Existing residents in the area, many of whom live in condos next to proposed towers, have complained about the agency “rushing” public hearings on tower permits over the past couple of years, and contend that more towers can’t be supported by infrastructure such as roads and sewers.

HCDA officials insist that sufficient sewer capacity was created to handle all the proposed development under a 4-decade-old vision to concentrate dense urban development in Kakaako that relieves pressure on rural and agricultural lands on Oahu.

The city considers sewer and water connection requests per project, and has approved all of them to date.

The developers will need to produce traffic studies and mitigation plans. The projects are likely to slow traffic in the area, but not to an extent that would keep them from proceeding, based on past decisions regarding other developments.

The issue of rapid development in Kakaako led to several bills introduced in January at the Legislature, including one calling for a moratorium on development in the area and one abolishing HCDA. Only one bill passed, and will reconstitute the agency’s board of directors next year among other more minor changes.

Larry Hurst, area neighborhood board chairman, is supportive of HCDA’s mission established by the Legislature in 1976.

“All those years ago, Kakaako was (thought of as) the place to get people to live in the (primary urban core),” he said. “When it finally comes (close to happening), only the newbies start talking. I ask people, ‘Where have you been for 37 years?’ It’s like, you can’t move in next to a hospital and then start complaining about the ambulance.”

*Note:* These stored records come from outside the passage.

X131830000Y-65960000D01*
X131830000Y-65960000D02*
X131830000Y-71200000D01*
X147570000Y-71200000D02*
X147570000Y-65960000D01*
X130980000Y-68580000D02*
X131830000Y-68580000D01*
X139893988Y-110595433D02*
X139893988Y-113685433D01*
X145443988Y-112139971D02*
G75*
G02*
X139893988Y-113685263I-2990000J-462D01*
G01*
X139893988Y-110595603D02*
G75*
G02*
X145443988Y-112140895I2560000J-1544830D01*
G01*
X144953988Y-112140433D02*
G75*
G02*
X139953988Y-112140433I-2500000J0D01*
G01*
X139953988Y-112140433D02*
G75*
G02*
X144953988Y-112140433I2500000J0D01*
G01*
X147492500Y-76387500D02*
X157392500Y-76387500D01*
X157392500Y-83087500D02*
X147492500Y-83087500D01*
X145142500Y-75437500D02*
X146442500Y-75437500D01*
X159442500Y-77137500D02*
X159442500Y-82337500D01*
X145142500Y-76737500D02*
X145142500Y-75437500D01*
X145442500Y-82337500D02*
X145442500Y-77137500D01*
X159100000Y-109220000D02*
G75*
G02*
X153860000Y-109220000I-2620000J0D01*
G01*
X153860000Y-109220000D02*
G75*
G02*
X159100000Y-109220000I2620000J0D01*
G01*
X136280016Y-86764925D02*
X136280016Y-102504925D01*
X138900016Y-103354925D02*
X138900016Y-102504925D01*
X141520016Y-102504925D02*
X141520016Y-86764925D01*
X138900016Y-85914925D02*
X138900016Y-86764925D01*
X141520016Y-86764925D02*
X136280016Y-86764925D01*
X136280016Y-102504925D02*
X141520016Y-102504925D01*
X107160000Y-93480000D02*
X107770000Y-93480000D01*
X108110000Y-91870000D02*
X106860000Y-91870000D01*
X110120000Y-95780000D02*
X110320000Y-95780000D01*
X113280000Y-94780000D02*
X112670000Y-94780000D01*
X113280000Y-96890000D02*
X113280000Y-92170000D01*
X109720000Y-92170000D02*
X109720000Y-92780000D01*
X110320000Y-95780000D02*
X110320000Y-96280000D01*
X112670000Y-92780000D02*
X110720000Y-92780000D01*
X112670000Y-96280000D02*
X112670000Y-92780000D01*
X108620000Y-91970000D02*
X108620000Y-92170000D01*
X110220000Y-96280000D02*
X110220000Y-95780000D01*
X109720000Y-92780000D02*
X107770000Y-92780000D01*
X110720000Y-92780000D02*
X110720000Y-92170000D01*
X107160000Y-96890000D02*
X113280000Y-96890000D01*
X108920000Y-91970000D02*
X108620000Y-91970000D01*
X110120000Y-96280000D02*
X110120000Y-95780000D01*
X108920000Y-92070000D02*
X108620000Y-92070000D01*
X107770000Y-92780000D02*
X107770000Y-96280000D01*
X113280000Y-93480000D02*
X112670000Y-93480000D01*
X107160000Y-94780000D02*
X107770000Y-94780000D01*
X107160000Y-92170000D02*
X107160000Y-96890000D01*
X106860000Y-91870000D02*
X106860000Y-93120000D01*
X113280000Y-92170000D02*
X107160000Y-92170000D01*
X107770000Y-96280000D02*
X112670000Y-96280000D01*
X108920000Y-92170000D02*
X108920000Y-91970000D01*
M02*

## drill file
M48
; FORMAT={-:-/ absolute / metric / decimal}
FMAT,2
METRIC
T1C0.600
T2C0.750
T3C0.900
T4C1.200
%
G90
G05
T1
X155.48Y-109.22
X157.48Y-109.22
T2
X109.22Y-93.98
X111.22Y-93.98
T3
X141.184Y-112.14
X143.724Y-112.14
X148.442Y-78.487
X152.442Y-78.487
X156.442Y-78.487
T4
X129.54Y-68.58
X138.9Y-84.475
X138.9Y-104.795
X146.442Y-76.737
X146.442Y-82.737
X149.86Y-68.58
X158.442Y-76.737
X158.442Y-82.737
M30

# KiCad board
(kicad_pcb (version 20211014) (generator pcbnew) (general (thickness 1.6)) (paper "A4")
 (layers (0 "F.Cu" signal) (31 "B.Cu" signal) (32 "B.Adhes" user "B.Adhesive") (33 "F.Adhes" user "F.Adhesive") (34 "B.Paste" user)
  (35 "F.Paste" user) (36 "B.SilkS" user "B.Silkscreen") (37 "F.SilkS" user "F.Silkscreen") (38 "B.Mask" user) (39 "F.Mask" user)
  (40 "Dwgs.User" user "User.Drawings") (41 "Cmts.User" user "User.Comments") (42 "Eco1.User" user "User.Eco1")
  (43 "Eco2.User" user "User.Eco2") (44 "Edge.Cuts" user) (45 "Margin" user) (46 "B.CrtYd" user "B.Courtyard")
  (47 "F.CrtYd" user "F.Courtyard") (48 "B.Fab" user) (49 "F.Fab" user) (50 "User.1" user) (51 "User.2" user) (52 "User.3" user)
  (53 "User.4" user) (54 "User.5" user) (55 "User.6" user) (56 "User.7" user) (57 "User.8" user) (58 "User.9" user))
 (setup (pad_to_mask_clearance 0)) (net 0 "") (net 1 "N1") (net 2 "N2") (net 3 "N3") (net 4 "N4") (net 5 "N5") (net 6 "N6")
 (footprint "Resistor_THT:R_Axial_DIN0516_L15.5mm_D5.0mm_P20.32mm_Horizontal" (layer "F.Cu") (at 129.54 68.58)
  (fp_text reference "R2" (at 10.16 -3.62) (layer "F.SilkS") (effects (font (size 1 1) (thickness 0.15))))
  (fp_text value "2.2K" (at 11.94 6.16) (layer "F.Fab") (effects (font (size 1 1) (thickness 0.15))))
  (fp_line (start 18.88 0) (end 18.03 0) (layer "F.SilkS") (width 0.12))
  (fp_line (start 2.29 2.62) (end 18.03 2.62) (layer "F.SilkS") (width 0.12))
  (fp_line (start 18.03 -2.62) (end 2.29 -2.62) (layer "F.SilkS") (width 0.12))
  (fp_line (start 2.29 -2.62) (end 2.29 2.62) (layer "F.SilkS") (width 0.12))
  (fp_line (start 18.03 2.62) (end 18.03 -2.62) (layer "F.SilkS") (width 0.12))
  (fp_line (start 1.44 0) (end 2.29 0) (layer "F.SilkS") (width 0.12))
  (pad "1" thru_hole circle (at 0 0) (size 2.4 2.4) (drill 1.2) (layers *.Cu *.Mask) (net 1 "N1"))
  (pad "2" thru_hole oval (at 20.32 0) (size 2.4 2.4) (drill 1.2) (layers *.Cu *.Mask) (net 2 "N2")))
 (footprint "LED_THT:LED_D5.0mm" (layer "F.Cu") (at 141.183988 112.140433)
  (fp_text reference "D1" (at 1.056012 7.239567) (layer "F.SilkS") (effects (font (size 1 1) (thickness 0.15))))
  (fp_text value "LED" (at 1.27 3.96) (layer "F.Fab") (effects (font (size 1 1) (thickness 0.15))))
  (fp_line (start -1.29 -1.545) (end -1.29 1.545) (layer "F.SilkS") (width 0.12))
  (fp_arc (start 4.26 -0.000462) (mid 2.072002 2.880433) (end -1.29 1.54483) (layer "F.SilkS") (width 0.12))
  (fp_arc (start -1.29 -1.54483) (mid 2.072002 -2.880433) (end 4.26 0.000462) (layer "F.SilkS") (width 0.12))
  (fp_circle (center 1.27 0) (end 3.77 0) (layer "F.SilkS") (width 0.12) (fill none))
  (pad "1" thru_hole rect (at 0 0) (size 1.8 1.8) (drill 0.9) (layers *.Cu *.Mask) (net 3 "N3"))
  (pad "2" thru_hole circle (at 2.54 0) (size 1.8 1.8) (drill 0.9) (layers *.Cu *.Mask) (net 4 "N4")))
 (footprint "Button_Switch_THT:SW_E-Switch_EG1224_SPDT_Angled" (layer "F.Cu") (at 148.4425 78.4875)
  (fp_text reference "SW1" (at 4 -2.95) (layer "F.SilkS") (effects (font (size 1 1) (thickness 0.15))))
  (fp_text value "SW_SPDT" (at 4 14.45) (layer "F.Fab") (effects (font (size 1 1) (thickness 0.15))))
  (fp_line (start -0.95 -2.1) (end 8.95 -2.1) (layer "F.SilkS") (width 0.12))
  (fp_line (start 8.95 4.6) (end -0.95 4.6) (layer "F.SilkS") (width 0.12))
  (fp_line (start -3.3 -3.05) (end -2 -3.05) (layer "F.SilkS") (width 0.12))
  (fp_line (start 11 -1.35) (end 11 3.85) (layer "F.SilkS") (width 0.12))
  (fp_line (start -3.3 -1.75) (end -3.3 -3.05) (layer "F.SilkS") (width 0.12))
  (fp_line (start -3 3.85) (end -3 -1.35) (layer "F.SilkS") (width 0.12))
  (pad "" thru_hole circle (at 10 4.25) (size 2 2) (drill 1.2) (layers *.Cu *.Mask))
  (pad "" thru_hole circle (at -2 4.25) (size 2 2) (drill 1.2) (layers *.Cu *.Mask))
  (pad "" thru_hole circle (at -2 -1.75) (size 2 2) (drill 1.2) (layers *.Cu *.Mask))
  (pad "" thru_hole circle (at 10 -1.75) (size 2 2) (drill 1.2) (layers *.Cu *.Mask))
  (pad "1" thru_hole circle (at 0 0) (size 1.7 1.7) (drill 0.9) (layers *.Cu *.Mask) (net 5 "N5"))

The third new project presented to the neighborhood board Tuesday is a 234-unit tower slated at 1391 Kapiolani Blvd. next to Ala Moana Center a block Ewa of the Nordstrom store fronting Kapiolani, Kona Street and Kona Iki Street just outside Kakaako’s Piikoi Street border.

In 2007, an affiliate of South Korea-based SamKoo Development Co. Ltd. bought the 1.4-acre site that formerly hosted a car dealership and announced plans for a luxury condo tower. However, Hawaii’s real estate market was approaching a turndown in the face of a recession and the project was put on hold.

Lowell Chun, a consultant for SamKoo, told the board that the developer has revised its plan to fit with the city’s new rail station that will be the Honolulu terminus of the line from Kapolei.

“It’s a rail line anchor,” he said. “It’s a destination.”

Chun said SamKoo is offering to provide a slice of its property along Kona Street for rail use, and would like to create a public area with commercial shops on the tower site integrated with the city’s rail station.

“We are right there,” he said. “What we would like to create is a landmark building for this landmark location — something that signifies that this is someplace special.”

Chun said SamKoo hopes to submit a permit application with the city within the next few months under interim transit-oriented development rules pending before the City Council, provided the rules are adopted.

A maximum height under interim rules being considered would be 450 feet, up from the site’s existing 250-foot limit, though Chun said the 1391 Kapiolani tower is planned to rise 420 feet.

The Neighborhood Board did not vote on the projects.

Developers of the three projects all expect to seek permits this year but did not project construction timetables if their towers are approved.